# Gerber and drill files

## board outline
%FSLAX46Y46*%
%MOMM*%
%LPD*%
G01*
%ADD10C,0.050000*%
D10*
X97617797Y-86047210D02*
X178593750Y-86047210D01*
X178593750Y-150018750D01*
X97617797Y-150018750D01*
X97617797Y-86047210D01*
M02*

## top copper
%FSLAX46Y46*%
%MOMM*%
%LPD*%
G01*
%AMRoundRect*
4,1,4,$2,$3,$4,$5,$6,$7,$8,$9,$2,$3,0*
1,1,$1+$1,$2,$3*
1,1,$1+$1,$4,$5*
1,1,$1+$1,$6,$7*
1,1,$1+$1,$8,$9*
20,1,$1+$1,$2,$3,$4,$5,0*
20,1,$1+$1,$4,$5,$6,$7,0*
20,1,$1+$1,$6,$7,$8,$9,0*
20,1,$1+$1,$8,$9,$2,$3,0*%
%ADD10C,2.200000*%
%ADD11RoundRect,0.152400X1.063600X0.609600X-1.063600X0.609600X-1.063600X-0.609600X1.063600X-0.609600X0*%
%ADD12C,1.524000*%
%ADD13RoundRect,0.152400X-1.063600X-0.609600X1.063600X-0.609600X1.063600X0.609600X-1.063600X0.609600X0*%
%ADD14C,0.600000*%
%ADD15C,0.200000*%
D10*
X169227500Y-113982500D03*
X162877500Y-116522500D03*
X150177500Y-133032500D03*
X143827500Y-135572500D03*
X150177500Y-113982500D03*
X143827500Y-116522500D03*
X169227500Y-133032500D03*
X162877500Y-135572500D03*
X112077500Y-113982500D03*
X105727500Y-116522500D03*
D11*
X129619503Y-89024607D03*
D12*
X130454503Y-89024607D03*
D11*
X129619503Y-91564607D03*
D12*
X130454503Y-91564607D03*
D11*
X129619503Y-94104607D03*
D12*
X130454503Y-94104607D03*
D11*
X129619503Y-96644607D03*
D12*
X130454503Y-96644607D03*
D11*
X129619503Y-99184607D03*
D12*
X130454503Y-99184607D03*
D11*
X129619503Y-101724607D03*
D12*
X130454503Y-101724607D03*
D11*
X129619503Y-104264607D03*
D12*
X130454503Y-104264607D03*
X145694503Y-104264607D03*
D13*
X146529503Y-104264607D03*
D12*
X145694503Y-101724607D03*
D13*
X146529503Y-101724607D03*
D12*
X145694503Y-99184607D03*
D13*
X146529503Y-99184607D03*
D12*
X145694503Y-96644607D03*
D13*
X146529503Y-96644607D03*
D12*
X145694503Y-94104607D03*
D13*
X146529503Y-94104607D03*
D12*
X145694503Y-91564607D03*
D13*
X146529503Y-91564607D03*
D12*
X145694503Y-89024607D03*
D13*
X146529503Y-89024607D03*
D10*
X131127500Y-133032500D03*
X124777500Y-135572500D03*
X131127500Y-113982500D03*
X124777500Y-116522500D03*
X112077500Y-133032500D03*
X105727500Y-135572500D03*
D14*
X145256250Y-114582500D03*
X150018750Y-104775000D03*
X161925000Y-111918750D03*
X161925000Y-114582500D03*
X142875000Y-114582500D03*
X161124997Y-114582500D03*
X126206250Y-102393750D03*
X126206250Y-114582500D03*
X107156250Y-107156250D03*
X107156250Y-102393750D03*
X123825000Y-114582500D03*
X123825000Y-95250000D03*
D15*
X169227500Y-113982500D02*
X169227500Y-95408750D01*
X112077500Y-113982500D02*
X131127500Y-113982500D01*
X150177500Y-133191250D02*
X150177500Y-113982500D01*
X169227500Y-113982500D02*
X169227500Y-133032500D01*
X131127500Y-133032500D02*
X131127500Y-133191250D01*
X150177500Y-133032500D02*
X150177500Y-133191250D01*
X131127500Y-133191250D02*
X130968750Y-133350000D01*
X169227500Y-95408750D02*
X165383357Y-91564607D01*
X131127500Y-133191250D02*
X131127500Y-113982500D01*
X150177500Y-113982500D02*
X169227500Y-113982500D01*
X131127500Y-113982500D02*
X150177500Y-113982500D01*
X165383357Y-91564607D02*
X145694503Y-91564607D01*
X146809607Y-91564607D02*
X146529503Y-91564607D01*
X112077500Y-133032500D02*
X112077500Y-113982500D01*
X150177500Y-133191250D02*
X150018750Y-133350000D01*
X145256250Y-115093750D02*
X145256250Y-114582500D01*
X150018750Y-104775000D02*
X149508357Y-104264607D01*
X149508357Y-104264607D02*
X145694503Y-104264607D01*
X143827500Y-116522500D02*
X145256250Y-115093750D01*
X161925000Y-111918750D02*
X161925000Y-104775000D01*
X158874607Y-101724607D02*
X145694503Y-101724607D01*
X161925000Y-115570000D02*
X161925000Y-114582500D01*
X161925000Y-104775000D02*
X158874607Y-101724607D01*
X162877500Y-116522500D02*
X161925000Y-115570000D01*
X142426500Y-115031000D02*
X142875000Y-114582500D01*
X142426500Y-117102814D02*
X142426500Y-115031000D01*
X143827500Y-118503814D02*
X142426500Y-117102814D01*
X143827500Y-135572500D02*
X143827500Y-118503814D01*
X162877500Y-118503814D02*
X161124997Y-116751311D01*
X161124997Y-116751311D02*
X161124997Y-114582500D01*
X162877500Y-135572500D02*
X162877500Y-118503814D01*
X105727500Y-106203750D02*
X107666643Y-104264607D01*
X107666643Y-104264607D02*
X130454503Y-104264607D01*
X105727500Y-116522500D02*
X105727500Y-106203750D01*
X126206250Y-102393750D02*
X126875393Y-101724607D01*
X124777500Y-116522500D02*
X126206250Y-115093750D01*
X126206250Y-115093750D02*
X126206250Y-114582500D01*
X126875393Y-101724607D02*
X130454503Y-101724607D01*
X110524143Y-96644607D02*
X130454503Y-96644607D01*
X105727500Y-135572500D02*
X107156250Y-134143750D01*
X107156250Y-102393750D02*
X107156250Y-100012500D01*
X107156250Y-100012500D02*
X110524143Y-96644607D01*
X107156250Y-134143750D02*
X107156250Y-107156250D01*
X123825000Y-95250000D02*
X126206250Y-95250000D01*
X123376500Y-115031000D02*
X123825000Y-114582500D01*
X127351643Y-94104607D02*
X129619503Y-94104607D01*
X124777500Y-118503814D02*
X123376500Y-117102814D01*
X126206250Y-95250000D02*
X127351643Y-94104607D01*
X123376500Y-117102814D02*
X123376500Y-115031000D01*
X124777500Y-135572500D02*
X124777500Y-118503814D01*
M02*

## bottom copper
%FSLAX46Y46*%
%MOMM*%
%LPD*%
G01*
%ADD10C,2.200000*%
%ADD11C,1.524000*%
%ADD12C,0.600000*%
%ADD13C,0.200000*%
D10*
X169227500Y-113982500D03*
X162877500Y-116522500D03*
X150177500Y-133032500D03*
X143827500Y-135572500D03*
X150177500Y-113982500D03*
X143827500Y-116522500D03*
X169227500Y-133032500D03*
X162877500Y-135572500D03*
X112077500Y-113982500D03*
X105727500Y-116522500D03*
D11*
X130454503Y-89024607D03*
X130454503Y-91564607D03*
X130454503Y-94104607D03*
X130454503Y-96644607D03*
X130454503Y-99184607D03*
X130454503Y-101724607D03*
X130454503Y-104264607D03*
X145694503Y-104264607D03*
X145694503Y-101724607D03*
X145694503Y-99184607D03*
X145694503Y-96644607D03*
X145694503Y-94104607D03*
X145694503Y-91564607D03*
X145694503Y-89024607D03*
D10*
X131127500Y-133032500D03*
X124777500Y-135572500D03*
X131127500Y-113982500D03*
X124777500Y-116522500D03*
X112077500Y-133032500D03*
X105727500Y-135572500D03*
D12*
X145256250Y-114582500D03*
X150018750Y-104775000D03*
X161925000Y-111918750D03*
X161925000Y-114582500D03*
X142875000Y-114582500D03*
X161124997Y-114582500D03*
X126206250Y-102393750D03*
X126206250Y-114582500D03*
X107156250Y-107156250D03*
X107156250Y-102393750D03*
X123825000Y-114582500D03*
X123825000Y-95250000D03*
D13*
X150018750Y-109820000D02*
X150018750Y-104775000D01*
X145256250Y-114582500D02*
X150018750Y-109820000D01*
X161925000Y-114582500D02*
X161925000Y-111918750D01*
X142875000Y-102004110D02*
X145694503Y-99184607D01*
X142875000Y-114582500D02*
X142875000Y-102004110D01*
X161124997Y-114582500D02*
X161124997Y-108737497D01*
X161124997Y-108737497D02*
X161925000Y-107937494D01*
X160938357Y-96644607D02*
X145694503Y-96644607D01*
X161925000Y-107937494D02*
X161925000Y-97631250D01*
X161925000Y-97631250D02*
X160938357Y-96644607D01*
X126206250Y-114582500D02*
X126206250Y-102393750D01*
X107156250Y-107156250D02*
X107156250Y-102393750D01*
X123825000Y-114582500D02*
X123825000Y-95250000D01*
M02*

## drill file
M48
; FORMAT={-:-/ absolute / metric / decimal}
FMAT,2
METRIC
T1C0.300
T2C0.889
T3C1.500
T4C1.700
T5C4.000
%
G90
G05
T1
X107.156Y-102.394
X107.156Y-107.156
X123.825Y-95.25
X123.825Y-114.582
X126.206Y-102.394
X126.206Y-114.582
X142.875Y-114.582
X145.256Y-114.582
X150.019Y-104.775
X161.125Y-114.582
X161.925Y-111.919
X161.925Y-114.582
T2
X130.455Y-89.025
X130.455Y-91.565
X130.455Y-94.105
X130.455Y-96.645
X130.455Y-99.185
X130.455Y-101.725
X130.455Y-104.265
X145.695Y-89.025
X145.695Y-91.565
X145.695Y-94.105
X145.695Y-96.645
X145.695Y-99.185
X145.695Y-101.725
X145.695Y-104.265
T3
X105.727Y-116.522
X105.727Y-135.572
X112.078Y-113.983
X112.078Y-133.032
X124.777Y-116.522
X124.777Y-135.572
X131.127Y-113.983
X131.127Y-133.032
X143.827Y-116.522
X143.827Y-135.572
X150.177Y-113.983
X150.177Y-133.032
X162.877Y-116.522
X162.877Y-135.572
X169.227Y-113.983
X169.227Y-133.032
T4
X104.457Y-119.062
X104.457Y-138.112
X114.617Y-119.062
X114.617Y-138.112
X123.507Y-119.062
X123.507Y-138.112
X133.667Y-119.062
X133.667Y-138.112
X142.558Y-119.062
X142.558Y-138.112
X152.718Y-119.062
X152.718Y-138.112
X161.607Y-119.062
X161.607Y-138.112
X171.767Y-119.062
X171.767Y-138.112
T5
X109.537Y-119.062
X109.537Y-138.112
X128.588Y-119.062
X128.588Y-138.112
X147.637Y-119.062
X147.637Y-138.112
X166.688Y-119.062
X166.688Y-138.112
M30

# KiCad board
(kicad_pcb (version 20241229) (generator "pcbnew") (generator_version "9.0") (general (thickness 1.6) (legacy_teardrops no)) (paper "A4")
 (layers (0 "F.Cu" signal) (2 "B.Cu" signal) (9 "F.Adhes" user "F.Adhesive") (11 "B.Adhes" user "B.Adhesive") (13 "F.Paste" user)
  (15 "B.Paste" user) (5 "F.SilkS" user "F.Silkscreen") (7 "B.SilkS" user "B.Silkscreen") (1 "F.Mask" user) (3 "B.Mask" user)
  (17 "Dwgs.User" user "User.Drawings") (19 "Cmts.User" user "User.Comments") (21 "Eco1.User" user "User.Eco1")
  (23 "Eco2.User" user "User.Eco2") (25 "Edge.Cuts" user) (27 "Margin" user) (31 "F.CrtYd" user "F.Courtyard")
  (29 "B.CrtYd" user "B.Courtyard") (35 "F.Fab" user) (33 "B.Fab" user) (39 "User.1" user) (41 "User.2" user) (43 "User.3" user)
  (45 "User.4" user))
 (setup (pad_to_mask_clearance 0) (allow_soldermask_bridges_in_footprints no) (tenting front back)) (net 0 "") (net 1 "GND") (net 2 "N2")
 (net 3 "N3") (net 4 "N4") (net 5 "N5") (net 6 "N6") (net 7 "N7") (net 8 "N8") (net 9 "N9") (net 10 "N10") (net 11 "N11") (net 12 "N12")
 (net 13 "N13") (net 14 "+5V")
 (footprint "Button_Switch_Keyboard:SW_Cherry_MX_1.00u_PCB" (layer "F.Cu") (at 169.2275 113.9825)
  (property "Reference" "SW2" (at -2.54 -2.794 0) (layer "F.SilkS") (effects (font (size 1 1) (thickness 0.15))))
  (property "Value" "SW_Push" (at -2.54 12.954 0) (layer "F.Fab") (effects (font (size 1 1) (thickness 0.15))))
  (pad "" np_thru_hole circle (at -7.62 5.08) (size 1.7 1.7) (drill 1.7) (layers "*.Cu" "*.Mask"))
  (pad "" np_thru_hole circle (at -2.54 5.08) (size 4 4) (drill 4) (layers "*.Cu" "*.Mask"))
  (pad "" np_thru_hole circle (at 2.54 5.08) (size 1.7 1.7) (drill 1.7) (layers "*.Cu" "*.Mask"))
  (pad "1" thru_hole circle (at 0 0) (size 2.2 2.2) (drill 1.5) (layers "*.Cu" "*.Mask") (remove_unused_layers no) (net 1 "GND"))
  (pad "2" thru_hole circle (at -6.35 2.54) (size 2.2 2.2) (drill 1.5) (layers "*.Cu" "*.Mask") (remove_unused_layers no) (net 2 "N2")))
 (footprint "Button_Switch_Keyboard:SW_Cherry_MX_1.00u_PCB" (layer "F.Cu") (at 150.1775 133.0325)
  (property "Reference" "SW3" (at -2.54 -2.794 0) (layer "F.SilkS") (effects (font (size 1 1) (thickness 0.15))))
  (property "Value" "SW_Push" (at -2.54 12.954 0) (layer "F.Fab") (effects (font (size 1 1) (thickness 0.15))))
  (pad "" np_thru_hole circle (at -7.62 5.08) (size 1.7 1.7) (drill 1.7) (layers "*.Cu" "*.Mask"))
  (pad "" np_thru_hole circle (at -2.54 5.08) (size 4 4) (drill 4) (layers "*.Cu" "*.Mask"))
  (pad "" np_thru_hole circle (at 2.54 5.08) (size 1.7 1.7) (drill 1.7) (layers "*.Cu" "*.Mask"))
  (pad "1" thru_hole circle (at 0 0) (size 2.2 2.2) (drill 1.5) (layers "*.Cu" "*.Mask") (remove_unused_layers no) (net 1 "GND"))
  (pad "2" thru_hole circle (at -6.35 2.54) (size 2.2 2.2) (drill 1.5) (layers "*.Cu" "*.Mask") (remove_unused_layers no) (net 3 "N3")))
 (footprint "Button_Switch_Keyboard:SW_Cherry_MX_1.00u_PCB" (layer "F.Cu") (at 150.1775 113.9825)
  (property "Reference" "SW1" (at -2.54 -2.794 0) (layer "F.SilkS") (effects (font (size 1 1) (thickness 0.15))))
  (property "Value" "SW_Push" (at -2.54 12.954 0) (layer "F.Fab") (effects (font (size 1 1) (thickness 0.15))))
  (pad "" np_thru_hole circle (at -7.62 5.08) (size 1.7 1.7) (drill 1.7) (layers "*.Cu" "*.Mask"))
  (pad "" np_thru_hole circle (at -2.54 5.08) (size 4 4) (drill 4) (layers "*.Cu" "*.Mask"))
  (pad "" np_thru_hole circle (at 2.54 5.08) (size 1.7 1.7) (drill 1.7) (layers "*.Cu" "*.Mask"))
  (pad "1" thru_hole circle (at 0 0) (size 2.2 2.2) (drill 1.5) (layers "*.Cu" "*.Mask") (remove_unused_layers no) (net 1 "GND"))
  (pad "2" thru_hole circle (at -6.35 2.54) (size 2.2 2.2) (drill 1.5) (layers "*.Cu" "*.Mask") (remove_unused_layers no) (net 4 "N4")))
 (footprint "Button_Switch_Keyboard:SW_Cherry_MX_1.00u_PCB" (layer "F.Cu") (at 169.2275 133.0325)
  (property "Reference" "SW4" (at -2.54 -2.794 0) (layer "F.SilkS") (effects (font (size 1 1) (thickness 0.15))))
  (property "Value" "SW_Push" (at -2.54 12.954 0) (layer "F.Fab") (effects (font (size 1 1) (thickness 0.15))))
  (pad "" np_thru_hole circle (at -7.62 5.08) (size 1.7 1.7) (drill 1.7) (layers "*.Cu" "*.Mask"))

★ ★ ★ ★

◆ What to do:
Restate word for word only the lines above from the line containing "X130.455Y-94.105" to the line containing "X143.827Y-135.572", both of them included.

◆ Response:
X130.455Y-94.105
X130.455Y-96.645
X130.455Y-99.185
X130.455Y-101.725
X130.455Y-104.265
X145.695Y-89.025
X145.695Y-91.565
X145.695Y-94.105
X145.695Y-96.645
X145.695Y-99.185
X145.695Y-101.725
X145.695Y-104.265
T3
X105.727Y-116.522
X105.727Y-135.572
X112.078Y-113.983
X112.078Y-133.032
X124.777Y-116.522
X124.777Y-135.572
X131.127Y-113.983
X131.127Y-133.032
X143.827Y-116.522
X143.827Y-135.572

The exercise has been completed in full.